I’m really invested in this project and it’s aim but I wonder if it’s too much. Should be more wary of offending people? But isn’t that one of the assets of documentary? To evoke feeling? When I’m looking for motivation to keep promoting veganism, I don’t watch animal slaughter videos. I seek more information. I read credible studies that support (and sometimes don’t support) this cause and come to my own conclusions. I analyse graphs and learn about health, cultural and religious reasons preventing veganism. I listen to podcasts and watch videos by the most patient, and well-informed animal rights activist I’ve ever seen or heard – Ed Winters (“Earthling Ed”). If my innate strive for information and truth, is anything like those of my audience, then I have chosen the right topic to explore.

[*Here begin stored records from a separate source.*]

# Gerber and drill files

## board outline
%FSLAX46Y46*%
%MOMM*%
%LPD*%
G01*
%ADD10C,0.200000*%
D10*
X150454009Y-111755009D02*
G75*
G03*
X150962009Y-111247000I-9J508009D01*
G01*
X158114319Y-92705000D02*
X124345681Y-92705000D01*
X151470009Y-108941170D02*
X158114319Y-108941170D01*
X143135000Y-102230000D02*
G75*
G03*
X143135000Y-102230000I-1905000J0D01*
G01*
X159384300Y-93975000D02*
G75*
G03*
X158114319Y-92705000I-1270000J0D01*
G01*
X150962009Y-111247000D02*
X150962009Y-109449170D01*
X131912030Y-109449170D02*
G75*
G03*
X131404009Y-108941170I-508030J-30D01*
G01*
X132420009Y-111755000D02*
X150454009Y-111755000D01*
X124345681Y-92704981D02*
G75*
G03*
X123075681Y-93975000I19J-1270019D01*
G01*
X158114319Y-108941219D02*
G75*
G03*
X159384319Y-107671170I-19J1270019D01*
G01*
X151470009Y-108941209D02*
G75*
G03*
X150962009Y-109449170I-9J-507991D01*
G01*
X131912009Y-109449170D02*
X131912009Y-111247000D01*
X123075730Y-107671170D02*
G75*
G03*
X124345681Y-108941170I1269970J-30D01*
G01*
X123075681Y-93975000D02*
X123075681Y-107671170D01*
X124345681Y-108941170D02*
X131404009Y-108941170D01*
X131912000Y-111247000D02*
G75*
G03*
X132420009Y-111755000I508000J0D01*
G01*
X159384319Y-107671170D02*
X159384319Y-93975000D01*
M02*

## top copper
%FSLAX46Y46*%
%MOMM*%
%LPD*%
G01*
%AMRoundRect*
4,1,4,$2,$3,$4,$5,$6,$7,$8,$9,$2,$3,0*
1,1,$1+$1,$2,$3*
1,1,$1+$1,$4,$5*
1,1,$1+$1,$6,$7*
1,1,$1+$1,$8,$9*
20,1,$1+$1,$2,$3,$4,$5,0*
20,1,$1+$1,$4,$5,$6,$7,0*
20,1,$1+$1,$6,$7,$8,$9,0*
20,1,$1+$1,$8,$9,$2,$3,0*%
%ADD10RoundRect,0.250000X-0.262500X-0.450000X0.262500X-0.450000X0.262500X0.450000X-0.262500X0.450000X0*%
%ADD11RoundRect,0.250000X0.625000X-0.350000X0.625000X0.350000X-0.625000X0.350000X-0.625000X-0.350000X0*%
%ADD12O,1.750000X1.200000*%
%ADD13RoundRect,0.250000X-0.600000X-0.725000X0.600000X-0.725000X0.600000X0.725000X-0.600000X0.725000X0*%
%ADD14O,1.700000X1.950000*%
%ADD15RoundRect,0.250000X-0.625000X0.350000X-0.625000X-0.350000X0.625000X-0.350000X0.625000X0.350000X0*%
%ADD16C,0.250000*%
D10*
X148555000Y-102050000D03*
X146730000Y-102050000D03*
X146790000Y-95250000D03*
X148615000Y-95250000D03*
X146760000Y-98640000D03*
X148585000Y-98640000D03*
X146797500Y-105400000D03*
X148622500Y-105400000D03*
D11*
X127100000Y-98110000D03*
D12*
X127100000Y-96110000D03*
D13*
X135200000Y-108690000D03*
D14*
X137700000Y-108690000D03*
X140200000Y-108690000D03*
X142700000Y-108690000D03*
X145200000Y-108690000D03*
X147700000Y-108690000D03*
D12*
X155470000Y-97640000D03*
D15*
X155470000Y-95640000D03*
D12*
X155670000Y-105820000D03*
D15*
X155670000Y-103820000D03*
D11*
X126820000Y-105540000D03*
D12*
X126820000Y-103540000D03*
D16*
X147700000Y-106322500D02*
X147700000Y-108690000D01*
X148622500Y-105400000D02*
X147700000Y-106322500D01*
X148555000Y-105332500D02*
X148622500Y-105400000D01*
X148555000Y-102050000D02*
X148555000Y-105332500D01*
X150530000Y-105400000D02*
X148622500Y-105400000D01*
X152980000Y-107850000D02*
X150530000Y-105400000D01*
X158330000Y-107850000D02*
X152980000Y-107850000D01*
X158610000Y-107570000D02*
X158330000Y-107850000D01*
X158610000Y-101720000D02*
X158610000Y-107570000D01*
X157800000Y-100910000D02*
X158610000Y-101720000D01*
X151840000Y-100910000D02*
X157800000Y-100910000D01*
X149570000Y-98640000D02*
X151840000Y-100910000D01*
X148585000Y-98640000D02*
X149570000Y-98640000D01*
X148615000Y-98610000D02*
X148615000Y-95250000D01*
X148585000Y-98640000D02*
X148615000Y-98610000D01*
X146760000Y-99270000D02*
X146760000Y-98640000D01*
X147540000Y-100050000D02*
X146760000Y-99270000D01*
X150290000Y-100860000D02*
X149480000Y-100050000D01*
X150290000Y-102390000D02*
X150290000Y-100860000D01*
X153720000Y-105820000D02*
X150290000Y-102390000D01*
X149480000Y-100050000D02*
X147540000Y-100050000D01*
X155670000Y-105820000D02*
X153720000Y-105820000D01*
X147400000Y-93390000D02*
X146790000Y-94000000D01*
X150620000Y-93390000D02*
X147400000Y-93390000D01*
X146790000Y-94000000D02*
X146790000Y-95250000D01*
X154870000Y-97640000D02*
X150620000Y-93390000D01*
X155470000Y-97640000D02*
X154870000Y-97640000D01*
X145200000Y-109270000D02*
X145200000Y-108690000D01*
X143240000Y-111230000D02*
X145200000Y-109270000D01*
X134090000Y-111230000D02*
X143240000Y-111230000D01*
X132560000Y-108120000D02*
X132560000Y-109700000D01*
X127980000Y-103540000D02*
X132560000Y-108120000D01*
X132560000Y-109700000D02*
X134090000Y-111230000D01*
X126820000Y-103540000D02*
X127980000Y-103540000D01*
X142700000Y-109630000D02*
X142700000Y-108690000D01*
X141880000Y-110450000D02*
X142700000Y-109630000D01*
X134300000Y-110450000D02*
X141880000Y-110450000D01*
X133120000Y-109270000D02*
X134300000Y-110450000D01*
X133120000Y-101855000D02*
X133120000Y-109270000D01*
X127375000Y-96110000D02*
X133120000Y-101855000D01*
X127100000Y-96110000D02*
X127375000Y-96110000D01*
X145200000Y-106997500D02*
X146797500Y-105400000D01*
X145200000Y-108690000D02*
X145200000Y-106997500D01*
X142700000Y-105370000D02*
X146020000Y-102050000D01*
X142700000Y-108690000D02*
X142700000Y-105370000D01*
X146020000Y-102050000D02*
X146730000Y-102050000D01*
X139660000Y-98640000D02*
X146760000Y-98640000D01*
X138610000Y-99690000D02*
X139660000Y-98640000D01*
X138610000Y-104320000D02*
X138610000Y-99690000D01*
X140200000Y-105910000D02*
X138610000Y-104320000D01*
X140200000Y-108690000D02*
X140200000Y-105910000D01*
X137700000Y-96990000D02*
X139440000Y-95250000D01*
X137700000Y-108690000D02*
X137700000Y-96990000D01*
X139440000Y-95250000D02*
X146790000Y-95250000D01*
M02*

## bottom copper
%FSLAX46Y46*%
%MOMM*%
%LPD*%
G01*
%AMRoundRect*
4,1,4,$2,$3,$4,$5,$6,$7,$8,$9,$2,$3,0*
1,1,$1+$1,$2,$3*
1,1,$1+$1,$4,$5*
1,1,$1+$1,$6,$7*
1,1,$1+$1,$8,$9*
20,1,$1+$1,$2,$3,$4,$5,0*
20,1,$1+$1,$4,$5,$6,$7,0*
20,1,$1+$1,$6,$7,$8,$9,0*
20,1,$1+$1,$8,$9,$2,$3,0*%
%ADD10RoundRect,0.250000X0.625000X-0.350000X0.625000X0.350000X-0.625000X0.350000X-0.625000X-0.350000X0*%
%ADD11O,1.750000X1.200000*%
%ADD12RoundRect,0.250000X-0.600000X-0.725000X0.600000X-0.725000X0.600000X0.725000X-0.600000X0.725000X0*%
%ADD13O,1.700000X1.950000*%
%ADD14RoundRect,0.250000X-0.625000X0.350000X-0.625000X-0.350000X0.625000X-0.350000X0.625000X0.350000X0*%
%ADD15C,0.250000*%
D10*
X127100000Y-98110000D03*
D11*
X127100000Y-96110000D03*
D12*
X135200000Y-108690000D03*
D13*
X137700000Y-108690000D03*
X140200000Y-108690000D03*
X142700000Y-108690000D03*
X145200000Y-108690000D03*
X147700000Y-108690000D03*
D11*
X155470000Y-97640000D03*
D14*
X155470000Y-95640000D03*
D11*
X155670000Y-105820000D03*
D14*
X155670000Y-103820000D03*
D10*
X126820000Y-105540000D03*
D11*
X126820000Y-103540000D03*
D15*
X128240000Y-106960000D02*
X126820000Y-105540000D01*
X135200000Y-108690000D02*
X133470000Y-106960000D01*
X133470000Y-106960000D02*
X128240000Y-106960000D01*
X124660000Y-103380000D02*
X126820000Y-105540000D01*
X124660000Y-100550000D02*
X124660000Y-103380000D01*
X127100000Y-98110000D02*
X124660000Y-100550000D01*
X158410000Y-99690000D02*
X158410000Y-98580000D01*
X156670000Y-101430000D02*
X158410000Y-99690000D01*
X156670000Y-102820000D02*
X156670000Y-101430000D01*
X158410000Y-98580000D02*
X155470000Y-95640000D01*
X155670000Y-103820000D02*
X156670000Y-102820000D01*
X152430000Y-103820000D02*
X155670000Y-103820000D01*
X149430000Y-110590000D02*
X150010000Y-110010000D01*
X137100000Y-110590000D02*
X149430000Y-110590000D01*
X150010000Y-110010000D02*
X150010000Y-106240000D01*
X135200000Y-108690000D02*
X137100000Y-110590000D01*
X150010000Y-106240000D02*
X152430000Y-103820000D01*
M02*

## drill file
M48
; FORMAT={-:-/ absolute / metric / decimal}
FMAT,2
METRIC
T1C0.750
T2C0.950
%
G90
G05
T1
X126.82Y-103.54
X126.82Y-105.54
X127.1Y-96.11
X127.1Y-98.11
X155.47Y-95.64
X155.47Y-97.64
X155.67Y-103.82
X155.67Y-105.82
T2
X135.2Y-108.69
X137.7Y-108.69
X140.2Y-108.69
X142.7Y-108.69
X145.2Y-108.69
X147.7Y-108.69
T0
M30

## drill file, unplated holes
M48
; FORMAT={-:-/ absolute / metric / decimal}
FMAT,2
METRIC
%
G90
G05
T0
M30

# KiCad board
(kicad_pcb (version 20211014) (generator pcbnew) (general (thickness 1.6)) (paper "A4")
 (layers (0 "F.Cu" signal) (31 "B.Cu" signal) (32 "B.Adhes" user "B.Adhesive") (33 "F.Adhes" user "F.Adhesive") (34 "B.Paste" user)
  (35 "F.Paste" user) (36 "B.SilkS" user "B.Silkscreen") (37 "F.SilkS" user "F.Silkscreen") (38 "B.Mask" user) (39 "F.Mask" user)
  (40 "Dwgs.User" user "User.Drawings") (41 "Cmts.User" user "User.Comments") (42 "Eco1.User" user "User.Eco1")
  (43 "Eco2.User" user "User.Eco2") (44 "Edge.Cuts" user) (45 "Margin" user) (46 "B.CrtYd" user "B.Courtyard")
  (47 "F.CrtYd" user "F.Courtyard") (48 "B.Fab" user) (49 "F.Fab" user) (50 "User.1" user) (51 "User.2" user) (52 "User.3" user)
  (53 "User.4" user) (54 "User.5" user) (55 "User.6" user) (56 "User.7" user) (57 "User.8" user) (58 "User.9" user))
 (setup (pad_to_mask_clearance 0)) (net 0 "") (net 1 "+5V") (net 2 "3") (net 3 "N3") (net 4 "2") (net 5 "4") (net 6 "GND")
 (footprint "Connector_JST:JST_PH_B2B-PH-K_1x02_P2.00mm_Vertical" (layer "F.Cu") (at 127.1 98.11 90)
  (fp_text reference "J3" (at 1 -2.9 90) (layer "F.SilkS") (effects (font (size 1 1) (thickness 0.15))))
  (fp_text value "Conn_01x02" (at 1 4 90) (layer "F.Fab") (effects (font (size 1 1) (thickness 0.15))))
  (pad "1" thru_hole roundrect (at 0 0 90) (size 1.2 1.75) (drill 0.75) (layers *.Cu *.Mask) (roundrect_rratio 0.2083333333) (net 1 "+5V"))
  (pad "2" thru_hole oval (at 2 0 90) (size 1.2 1.75) (drill 0.75) (layers *.Cu *.Mask) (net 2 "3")))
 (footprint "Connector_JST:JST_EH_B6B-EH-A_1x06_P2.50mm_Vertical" (layer "F.Cu") (at 135.2 108.69)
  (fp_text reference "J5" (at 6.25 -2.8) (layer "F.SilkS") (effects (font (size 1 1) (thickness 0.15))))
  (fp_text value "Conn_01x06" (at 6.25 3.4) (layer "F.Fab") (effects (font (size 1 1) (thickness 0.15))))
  (pad "1" thru_hole roundrect (at 0 0) (size 1.7 1.95) (drill 0.95) (layers *.Cu *.Mask) (roundrect_rratio 0.1470588235) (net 1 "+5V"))
  (pad "2" thru_hole oval (at 2.5 0) (size 1.7 1.95) (drill 0.95) (layers *.Cu *.Mask) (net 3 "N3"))
  (pad "3" thru_hole oval (at 5 0) (size 1.7 1.95) (drill 0.95) (layers *.Cu *.Mask) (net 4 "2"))
  (pad "4" thru_hole oval (at 7.5 0) (size 1.7 1.95) (drill 0.95) (layers *.Cu *.Mask) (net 2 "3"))
  (pad "5" thru_hole oval (at 10 0) (size 1.7 1.95) (drill 0.95) (layers *.Cu *.Mask) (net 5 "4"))
  (pad "6" thru_hole oval (at 12.5 0) (size 1.7 1.95) (drill 0.95) (layers *.Cu *.Mask) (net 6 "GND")))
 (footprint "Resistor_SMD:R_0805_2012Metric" (layer "F.Cu") (at 147.71 105.4)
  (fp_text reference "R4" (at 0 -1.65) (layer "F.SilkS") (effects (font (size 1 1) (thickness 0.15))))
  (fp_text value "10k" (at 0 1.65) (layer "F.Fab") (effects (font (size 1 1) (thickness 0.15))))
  (pad "1" smd roundrect (at -0.9125 0) (size 1.025 1.4) (layers "F.Cu" "F.Paste" "F.Mask") (roundrect_rratio 0.243902439) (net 5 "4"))
  (pad "2" smd roundrect (at 0.9125 0) (size 1.025 1.4) (layers "F.Cu" "F.Paste" "F.Mask") (roundrect_rratio 0.243902439) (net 6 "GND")))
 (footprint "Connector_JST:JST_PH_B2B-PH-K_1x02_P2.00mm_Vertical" (layer "F.Cu") (at 155.47 95.64 -90)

Recently Ed Winter’s TEDx Talk came out, and once again, his words were powerful enough to strike an emotional chord within me. Hypocrisies of humanity can be corrected and our actions can align with our core beliefs regarding animal exploitation, if we go vegan.

“The Ostrich Effect is a cognitive bias where when confronted with information that is upsetting, potentially offensive or makes us challenge ourselves in a way that perhaps we don’t want to be challenged, we turn away. We hide from it. We pretend that it doesn’t exist. We bury our heads in the sand, hence the name, The Ostrich Effect.”


Loading Docs 2018, The Cube of Truth, Vimeo, 21 October, viewed Saturday 23 March 2019, <>.

Murray, R & Heumann, J 2012, ‘Contemporary eco-food films: The documentary tradition’, Studies in Documentary Film, vol. 6, no. 1, pp. 43-59.

Winters, E. 2019, The Ostrich Effect: The truth we hide from ourselves, video, 28 March, TED, viewed Saturday 30 March 2019, <>.